Aujourd’hui, j’ai traversé une scène sans y être. J’ai parlé fort. J’ai articulé. J’ai fait ce qu’il fallait pour que ça passe. Rien de plus. Aucun risque. Aucune recherche. Juste une mécanique bien huilée. Une façon de remplir l’espace sans y laisser quoi que ce soit.

À la fin, le metteur en scène m’a regardé et m’a dit :« Garde ça jusqu’au soir de la première et ça va être génial. »


Ça se voulait un compliment. Je l’ai entendu comme tel. Mais quelque chose s’est refermé.

Il reste encore quatre mois.


Quatre mois à refaire exactement ça. La même chose. La même intensité apparente. Le même volume. Comme un perroquet bien entraîné. Répéter sans explorer. Rejouer sans chercher. Sans se tromper surtout. Sans risquer d’abîmer ce qui fonctionne déjà.

Je sais que, pour certains, c’est rassurant. Trouver tôt. S’installer. Polir. Consolider. Moi, ça m’a donné l’impression d’être condamné à ne plus penser.

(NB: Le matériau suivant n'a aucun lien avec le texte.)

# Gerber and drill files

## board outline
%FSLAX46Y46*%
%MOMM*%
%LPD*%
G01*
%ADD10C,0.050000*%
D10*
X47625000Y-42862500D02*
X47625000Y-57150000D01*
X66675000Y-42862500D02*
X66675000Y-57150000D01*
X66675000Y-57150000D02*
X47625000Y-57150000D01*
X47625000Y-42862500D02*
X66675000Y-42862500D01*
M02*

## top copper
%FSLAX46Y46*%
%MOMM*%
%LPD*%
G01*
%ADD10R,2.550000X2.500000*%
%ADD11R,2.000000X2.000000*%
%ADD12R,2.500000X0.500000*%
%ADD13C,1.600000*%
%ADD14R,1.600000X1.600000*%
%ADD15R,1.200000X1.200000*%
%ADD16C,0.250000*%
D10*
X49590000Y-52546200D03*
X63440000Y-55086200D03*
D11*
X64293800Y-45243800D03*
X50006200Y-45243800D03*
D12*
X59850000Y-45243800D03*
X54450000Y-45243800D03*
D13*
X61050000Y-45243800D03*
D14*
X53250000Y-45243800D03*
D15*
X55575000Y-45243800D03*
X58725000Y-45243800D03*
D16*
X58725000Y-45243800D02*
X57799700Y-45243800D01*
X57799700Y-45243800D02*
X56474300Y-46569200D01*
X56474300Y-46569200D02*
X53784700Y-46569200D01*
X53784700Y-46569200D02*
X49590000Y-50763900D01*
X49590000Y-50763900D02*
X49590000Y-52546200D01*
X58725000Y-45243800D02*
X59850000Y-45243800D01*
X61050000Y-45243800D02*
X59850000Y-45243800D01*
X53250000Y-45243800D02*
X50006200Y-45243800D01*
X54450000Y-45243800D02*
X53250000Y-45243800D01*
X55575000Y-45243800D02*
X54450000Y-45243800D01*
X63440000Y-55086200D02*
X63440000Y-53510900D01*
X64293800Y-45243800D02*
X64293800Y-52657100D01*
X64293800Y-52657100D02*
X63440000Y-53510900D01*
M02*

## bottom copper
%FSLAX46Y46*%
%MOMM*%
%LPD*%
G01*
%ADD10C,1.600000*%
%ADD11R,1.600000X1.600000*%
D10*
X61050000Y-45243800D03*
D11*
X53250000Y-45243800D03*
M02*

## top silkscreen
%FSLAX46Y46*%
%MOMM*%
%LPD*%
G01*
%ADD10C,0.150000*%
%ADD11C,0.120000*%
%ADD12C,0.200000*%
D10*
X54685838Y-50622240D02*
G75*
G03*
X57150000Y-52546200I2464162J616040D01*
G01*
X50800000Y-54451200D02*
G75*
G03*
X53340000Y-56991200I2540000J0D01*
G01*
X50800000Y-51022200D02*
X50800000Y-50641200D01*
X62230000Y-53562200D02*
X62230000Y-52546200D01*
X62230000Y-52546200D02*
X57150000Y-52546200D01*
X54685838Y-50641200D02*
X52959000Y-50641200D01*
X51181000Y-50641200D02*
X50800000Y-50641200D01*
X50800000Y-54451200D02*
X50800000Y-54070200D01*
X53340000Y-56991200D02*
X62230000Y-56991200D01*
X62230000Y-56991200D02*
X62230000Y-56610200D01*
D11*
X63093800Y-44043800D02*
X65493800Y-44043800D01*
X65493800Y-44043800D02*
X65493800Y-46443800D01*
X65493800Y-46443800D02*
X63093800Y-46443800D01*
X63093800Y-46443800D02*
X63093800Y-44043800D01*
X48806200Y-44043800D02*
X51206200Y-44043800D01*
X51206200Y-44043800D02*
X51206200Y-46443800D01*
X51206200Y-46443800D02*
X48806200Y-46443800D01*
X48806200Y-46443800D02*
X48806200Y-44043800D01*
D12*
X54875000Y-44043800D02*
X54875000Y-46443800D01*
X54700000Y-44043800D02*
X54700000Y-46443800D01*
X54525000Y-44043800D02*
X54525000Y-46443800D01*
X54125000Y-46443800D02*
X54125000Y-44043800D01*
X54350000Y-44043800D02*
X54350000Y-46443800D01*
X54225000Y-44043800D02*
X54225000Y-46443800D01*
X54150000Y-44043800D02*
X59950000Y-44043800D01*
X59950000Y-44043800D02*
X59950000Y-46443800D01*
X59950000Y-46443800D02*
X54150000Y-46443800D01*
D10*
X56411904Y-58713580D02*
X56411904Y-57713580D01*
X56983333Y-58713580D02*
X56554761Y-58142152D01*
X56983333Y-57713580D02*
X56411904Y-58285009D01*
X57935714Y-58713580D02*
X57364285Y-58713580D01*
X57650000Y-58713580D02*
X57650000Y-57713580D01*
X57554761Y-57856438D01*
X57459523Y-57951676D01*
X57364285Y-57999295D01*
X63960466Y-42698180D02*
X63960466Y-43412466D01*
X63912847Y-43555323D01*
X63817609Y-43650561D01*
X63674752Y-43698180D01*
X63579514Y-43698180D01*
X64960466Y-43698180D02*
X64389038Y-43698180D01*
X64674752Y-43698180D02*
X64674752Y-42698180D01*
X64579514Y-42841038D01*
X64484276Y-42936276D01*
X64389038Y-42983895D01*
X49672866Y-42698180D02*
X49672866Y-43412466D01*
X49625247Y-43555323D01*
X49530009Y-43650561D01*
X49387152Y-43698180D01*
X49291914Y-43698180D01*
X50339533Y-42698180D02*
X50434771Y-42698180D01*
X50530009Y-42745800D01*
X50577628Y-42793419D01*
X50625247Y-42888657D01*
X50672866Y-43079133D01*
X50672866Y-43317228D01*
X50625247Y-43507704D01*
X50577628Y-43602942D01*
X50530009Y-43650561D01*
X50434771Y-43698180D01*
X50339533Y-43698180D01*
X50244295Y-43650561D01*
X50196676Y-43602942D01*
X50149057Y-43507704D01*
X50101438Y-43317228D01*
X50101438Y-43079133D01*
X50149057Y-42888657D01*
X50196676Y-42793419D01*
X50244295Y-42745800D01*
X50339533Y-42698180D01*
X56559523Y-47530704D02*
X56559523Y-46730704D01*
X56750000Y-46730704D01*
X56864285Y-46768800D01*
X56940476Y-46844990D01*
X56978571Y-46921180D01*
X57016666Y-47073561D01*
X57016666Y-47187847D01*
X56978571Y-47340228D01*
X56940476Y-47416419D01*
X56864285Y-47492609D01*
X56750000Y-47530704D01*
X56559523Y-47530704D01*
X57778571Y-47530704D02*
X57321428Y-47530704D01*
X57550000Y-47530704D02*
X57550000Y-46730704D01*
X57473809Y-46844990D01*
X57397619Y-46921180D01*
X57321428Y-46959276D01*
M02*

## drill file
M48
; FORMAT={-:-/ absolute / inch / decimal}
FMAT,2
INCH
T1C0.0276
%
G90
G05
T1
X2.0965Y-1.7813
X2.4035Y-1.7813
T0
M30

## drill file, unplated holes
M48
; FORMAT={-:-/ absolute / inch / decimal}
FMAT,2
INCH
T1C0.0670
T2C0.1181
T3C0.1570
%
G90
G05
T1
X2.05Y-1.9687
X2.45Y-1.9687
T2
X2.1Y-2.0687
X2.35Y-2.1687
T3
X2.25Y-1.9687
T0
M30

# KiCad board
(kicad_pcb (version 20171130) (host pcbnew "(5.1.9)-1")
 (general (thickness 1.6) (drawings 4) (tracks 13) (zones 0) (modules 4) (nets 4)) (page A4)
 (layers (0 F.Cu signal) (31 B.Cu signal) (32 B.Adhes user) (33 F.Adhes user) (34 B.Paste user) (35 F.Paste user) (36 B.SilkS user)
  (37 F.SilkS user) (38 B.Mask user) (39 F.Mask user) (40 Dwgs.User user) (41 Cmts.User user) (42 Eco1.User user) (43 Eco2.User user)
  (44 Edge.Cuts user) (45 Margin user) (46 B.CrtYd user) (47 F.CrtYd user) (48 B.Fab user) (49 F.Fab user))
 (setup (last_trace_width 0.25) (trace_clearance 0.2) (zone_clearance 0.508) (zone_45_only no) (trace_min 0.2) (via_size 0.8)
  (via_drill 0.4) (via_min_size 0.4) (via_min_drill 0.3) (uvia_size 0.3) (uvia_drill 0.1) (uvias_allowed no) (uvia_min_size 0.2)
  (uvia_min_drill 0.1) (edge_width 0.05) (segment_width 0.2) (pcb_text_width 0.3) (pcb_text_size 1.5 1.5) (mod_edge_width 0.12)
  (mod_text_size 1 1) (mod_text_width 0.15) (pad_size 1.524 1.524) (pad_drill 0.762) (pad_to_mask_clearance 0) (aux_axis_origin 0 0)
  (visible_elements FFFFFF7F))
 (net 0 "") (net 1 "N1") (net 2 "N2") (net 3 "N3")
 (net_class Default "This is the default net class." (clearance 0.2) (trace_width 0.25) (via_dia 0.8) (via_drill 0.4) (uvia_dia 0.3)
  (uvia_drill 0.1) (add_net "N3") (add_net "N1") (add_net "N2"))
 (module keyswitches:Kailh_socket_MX (layer B.Cu) (at 57.15 50.0062)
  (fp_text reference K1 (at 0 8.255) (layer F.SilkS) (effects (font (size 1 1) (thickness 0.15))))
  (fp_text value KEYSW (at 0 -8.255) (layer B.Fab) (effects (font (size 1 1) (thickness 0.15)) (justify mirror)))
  (fp_arc (start 0 0) (end 0 2.54) (angle 75.96375653) (layer F.SilkS) (width 0.15))
  (fp_arc (start -3.81 4.445) (end -3.81 6.985) (angle 90) (layer F.SilkS) (width 0.15))
  (fp_line (start -6.35 1.016) (end -6.35 0.635) (layer F.SilkS) (width 0.15))
  (fp_line (start 5.08 3.556) (end 5.08 2.54) (layer F.SilkS) (width 0.15))
  (fp_line (start 5.08 2.54) (end 0 2.54) (layer F.SilkS) (width 0.15))
  (fp_line (start -2.464162 0.635) (end -4.191 0.635) (layer F.SilkS) (width 0.15))
  (fp_line (start -5.969 0.635) (end -6.35 0.635) (layer F.SilkS) (width 0.15))
  (fp_line (start -6.35 4.445) (end -6.35 4.064) (layer F.SilkS) (width 0.15))
  (fp_line (start -3.81 6.985) (end 5.08 6.985) (layer F.SilkS) (width 0.15))
  (fp_line (start 5.08 6.985) (end 5.08 6.604) (layer F.SilkS) (width 0.15))
  (pad 2 smd rect (at -7.56 2.54) (size 2.55 2.5) (layers F.Cu F.Paste F.Mask) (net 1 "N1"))
  (pad "" np_thru_hole circle (at -5.08 0) (size 1.7018 1.7018) (drill 1.7018) (layers *.Cu *.Mask))
  (pad "" np_thru_hole circle (at 5.08 0) (size 1.7018 1.7018) (drill 1.7018) (layers *.Cu *.Mask))
  (pad "" np_thru_hole circle (at 0 0) (size 3.9878 3.9878) (drill 3.9878) (layers *.Cu *.Mask))
  (pad "" np_thru_hole circle (at -3.81 2.54) (size 3 3) (drill 3) (layers *.Cu *.Mask))
  (pad "" np_thru_hole circle (at 2.54 5.08) (size 3 3) (drill 3) (layers *.Cu *.Mask))
  (pad 1 smd rect (at 6.29 5.08) (size 2.55 2.5) (layers F.Cu F.Paste F.Mask) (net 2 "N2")))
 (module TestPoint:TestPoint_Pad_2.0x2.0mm (layer F.Cu) (at 64.2938 45.2438)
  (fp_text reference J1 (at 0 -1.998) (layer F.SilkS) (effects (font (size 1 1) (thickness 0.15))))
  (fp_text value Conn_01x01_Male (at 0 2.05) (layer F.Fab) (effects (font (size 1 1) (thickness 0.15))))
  (fp_line (start -1.2 -1.2) (end 1.2 -1.2) (layer F.SilkS) (width 0.12))
  (fp_line (start 1.2 -1.2) (end 1.2 1.2) (layer F.SilkS) (width 0.12))
  (fp_line (start 1.2 1.2) (end -1.2 1.2) (layer F.SilkS) (width 0.12))
  (fp_line (start -1.2 1.2) (end -1.2 -1.2) (layer F.SilkS) (width 0.12))
  (pad 1 smd rect (at 0 0) (size 2 2) (layers F.Cu F.Mask) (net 2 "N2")))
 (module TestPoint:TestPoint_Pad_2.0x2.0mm (layer F.Cu) (at 50.0062 45.2438)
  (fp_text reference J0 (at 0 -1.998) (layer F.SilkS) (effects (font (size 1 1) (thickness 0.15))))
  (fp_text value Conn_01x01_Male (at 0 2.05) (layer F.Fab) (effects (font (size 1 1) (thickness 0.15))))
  (fp_line (start -1.2 -1.2) (end 1.2 -1.2) (layer F.SilkS) (width 0.12))
  (fp_line (start 1.2 -1.2) (end 1.2 1.2) (layer F.SilkS) (width 0.12))
  (fp_line (start 1.2 1.2) (end -1.2 1.2) (layer F.SilkS) (width 0.12))
  (fp_line (start -1.2 1.2) (end -1.2 -1.2) (layer F.SilkS) (width 0.12))
  (pad 1 smd rect (at 0 0) (size 2 2) (layers F.Cu F.Mask) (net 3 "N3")))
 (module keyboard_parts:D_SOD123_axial (layer F.Cu) (at 57.15 45.2438)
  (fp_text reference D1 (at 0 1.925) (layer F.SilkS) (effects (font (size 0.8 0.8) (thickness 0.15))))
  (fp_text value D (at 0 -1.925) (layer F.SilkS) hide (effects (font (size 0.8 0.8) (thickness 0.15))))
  (fp_line (start -2.275 -1.2) (end -2.275 1.2) (layer F.SilkS) (width 0.2))
  (fp_line (start -2.45 -1.2) (end -2.45 1.2) (layer F.SilkS) (width 0.2))
  (fp_line (start -2.625 -1.2) (end -2.625 1.2) (layer F.SilkS) (width 0.2))
  (fp_line (start -3.025 1.2) (end -3.025 -1.2) (layer F.SilkS) (width 0.2))
  (fp_line (start -2.8 -1.2) (end -2.8 1.2) (layer F.SilkS) (width 0.2))
  (fp_line (start -2.925 -1.2) (end -2.925 1.2) (layer F.SilkS) (width 0.2))
  (fp_line (start -3 -1.2) (end 2.8 -1.2) (layer F.SilkS) (width 0.2))
  (fp_line (start 2.8 -1.2) (end 2.8 1.2) (layer F.SilkS) (width 0.2))
  (fp_line (start 2.8 1.2) (end -3 1.2) (layer F.SilkS) (width 0.2))
  (pad 2 smd rect (at 2.7 0) (size 2.5 0.5) (layers F.Cu) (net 1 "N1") (solder_mask_margin -999))
  (pad 1 smd rect (at -2.7 0) (size 2.5 0.5) (layers F.Cu) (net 3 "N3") (solder_mask_margin -999))
  (pad 2 thru_hole circle (at 3.9 0) (size 1.6 1.6) (drill 0.7) (layers *.Cu *.Mask F.SilkS) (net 1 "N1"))
  (pad 1 thru_hole rect (at -3.9 0) (size 1.6 1.6) (drill 0.7) (layers *.Cu *.Mask F.SilkS) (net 3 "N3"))
  (pad 1 smd rect (at -1.575 0) (size 1.2 1.2) (layers F.Cu F.Paste F.Mask) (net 3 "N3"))
  (pad 2 smd rect (at 1.575 0) (size 1.2 1.2) (layers F.Cu F.Paste F.Mask) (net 1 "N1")))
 (gr_line (start 47.625 42.8625) (end 47.625 57.15) (layer Edge.Cuts) (width 0.05))
 (gr_line (start 66.675 42.8625) (end 66.675 57.15) (layer Edge.Cuts) (width 0.05))
 (gr_line (start 66.675 57.15) (end 47.625 57.15) (layer Edge.Cuts) (width 0.05))
 (gr_line (start 47.625 42.8625) (end 66.675 42.8625) (layer Edge.Cuts) (width 0.05))
 (segment (start 58.725 45.2438) (end 57.7997 45.2438) (width 0.25) (layer F.Cu) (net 1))
 (segment (start 57.7997 45.2438) (end 56.4743 46.5692) (width 0.25) (layer F.Cu) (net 1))
 (segment (start 56.4743 46.5692) (end 53.7847 46.5692) (width 0.25) (layer F.Cu) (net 1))
 (segment (start 53.7847 46.5692) (end 49.59 50.7639) (width 0.25) (layer F.Cu) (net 1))
 (segment (start 49.59 50.7639) (end 49.59 52.5462) (width 0.25) (layer F.Cu) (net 1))
 (segment (start 58.725 45.2438) (end 59.85 45.2438) (width 0.25) (layer F.Cu) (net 1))
 (segment (start 61.05 45.2438) (end 59.85 45.2438) (width 0.25) (layer F.Cu) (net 1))
 (segment (start 53.25 45.2438) (end 50.0062 45.2438) (width 0.25) (layer F.Cu) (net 3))
 (segment (start 54.45 45.2438) (end 53.25 45.2438) (width 0.25) (layer F.Cu) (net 3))
 (segment (start 55.575 45.2438) (end 54.45 45.2438) (width 0.25) (layer F.Cu) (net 3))
 (segment (start 63.44 55.0862) (end 63.44 53.5109) (width 0.25) (layer F.Cu) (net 2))
 (segment (start 64.2938 45.2438) (end 64.2938 52.6571) (width 0.25) (layer F.Cu) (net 2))
 (segment (start 64.2938 52.6571) (end 63.44 53.5109) (width 0.25) (layer F.Cu) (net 2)))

Après, les autres sont venus me féliciter. Un par un. Sincèrement, je crois. Ils disaient que c’était fort. Que ça marchait. Que j’étais « dedans ». Je souriais. Je remerciais. Je faisais ce qu’on fait dans ces moments-là.


Et en même temps, je me demandais :qui a tort ? Eux ou moi ?

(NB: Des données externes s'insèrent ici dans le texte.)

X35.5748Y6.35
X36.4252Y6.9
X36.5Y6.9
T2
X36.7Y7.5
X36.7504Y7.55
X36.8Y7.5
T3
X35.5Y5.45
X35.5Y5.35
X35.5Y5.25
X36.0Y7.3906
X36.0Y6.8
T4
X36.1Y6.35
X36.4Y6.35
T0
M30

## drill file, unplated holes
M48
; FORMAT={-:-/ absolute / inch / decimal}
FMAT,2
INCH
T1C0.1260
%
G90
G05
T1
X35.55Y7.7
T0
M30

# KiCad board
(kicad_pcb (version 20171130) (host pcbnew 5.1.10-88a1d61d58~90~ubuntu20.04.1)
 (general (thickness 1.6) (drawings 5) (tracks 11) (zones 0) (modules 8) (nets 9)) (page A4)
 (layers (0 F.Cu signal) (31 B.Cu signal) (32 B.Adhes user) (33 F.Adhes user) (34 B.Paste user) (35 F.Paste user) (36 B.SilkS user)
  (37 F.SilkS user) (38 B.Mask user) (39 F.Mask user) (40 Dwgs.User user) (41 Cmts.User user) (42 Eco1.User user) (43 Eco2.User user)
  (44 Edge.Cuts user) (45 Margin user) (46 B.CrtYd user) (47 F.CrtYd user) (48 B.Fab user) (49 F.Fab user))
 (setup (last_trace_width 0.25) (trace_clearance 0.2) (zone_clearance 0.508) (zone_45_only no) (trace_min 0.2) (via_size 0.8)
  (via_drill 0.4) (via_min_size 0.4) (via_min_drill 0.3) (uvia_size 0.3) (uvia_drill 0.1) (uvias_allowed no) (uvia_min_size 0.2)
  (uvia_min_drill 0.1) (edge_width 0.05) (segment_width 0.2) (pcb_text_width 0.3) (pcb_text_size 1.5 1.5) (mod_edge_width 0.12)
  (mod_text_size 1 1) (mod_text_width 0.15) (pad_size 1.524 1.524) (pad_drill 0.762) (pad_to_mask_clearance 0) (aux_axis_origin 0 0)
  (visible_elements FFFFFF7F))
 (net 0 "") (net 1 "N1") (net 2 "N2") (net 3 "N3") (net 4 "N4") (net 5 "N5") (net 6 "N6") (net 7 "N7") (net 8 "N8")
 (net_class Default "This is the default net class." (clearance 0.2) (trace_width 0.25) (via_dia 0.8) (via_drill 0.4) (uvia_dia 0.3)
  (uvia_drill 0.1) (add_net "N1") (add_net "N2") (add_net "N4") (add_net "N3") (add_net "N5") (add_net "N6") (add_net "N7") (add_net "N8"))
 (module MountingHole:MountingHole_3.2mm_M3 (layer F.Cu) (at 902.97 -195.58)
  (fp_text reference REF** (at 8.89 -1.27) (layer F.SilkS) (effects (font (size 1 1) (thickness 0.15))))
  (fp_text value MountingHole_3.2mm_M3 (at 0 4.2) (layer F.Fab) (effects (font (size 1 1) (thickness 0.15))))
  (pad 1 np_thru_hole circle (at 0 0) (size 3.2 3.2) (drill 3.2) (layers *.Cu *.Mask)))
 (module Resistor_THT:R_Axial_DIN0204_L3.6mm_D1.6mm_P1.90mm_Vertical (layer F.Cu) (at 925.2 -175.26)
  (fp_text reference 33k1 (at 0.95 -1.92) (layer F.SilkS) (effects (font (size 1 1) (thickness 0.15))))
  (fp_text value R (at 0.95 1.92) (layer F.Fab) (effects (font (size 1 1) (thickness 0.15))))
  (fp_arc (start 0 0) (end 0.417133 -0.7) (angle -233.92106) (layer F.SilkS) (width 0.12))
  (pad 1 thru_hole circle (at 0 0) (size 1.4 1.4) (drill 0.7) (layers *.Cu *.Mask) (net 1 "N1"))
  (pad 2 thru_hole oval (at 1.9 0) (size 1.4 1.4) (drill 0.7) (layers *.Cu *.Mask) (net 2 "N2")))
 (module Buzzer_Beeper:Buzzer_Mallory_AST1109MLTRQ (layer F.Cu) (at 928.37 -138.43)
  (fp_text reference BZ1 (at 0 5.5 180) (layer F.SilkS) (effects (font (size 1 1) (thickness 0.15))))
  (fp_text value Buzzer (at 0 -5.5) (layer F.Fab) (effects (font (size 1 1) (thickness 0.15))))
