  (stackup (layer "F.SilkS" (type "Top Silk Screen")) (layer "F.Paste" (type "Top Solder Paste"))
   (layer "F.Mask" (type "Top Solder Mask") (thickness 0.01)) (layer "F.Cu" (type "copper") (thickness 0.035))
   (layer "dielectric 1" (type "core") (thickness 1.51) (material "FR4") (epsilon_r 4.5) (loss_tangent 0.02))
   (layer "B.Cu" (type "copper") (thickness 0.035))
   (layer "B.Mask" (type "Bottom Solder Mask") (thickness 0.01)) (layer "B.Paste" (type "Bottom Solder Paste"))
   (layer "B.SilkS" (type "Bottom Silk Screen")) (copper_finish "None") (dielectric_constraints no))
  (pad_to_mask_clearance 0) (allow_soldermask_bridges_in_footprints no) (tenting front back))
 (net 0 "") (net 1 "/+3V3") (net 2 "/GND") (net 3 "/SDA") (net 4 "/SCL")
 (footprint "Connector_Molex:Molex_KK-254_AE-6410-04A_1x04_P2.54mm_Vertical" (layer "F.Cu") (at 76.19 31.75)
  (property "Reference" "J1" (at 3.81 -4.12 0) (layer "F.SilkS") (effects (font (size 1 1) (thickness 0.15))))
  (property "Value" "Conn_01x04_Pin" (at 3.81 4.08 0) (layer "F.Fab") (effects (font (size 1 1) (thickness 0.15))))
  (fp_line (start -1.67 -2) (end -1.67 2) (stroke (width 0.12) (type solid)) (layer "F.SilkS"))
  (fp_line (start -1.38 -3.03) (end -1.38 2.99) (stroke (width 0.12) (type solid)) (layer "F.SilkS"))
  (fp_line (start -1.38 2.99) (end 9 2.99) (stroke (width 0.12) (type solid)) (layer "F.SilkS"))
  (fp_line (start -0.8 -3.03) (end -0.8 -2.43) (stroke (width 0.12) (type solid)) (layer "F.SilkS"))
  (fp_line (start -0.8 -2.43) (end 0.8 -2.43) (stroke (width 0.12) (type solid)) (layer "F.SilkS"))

Eux, qui voient quelque chose que je ne vois pas. Ou moi, qui ne vois plus ce qu’ils voient.

J’étais en colère. Contre moi, d’abord. D’avoir livré quelque chose de si pauvre sans m’en rendre compte. D’avoir accepté les félicitations. D’avoir parlé fort en pensant que ça suffisait.


Contre eux aussi. De confondre volume et présence. Effet et nécessité. Résultat et chemin.

Je me suis surpris à penser que, peut-être, je ne sais plus voir. Peut-être que je complique inutilement. Peut-être que le métier, finalement, c’est ça : trouver une forme efficace et s’y tenir. Sans poser trop de questions.


Mais une autre pensée revenait, plus insistante. Et si c’était eux qui ne voyaient rien ?

Pas rien au sens de vide. Rien au sens de ce qui pourrait encore advenir.

Je suis rentré chez moi avec cette confusion-là. Un mélange de colère, de doute, de lassitude. Rien de clair. Rien de tranché. Juste une fatigue particulière, celle qui vient quand on sent qu’on n’est plus tout à fait accordé au regard des autres.

Je me suis assis. J’ai repensé à la scène. À ce que j’avais fait. À ce que je n’avais pas fait surtout. J’ai essayé de retrouver un désir. Une question. Quelque chose à explorer. Ça ne venait pas.


Je me suis demandé combien de fois, dans une vie de comédien, on accepte d’être applaudi pour quelque chose qu’on n’a pas vraiment cherché. Et combien de fois on confond la reconnaissance avec le travail accompli.


Ce soir, je n’ai pas de réponse. Je sais seulement que tenir quatre mois sur une certitude qui n’est pas la mienne me semble long. Très long....


Peut-être que la colère passera. Peut-être que je finirai par voir ce qu’ils voient. Ou peut-être que je devrai apprendre à défendre un doute, même quand tout le monde applaudit.


Pour l’instant, je suis là.

Avec cette question qui refuse de se taire.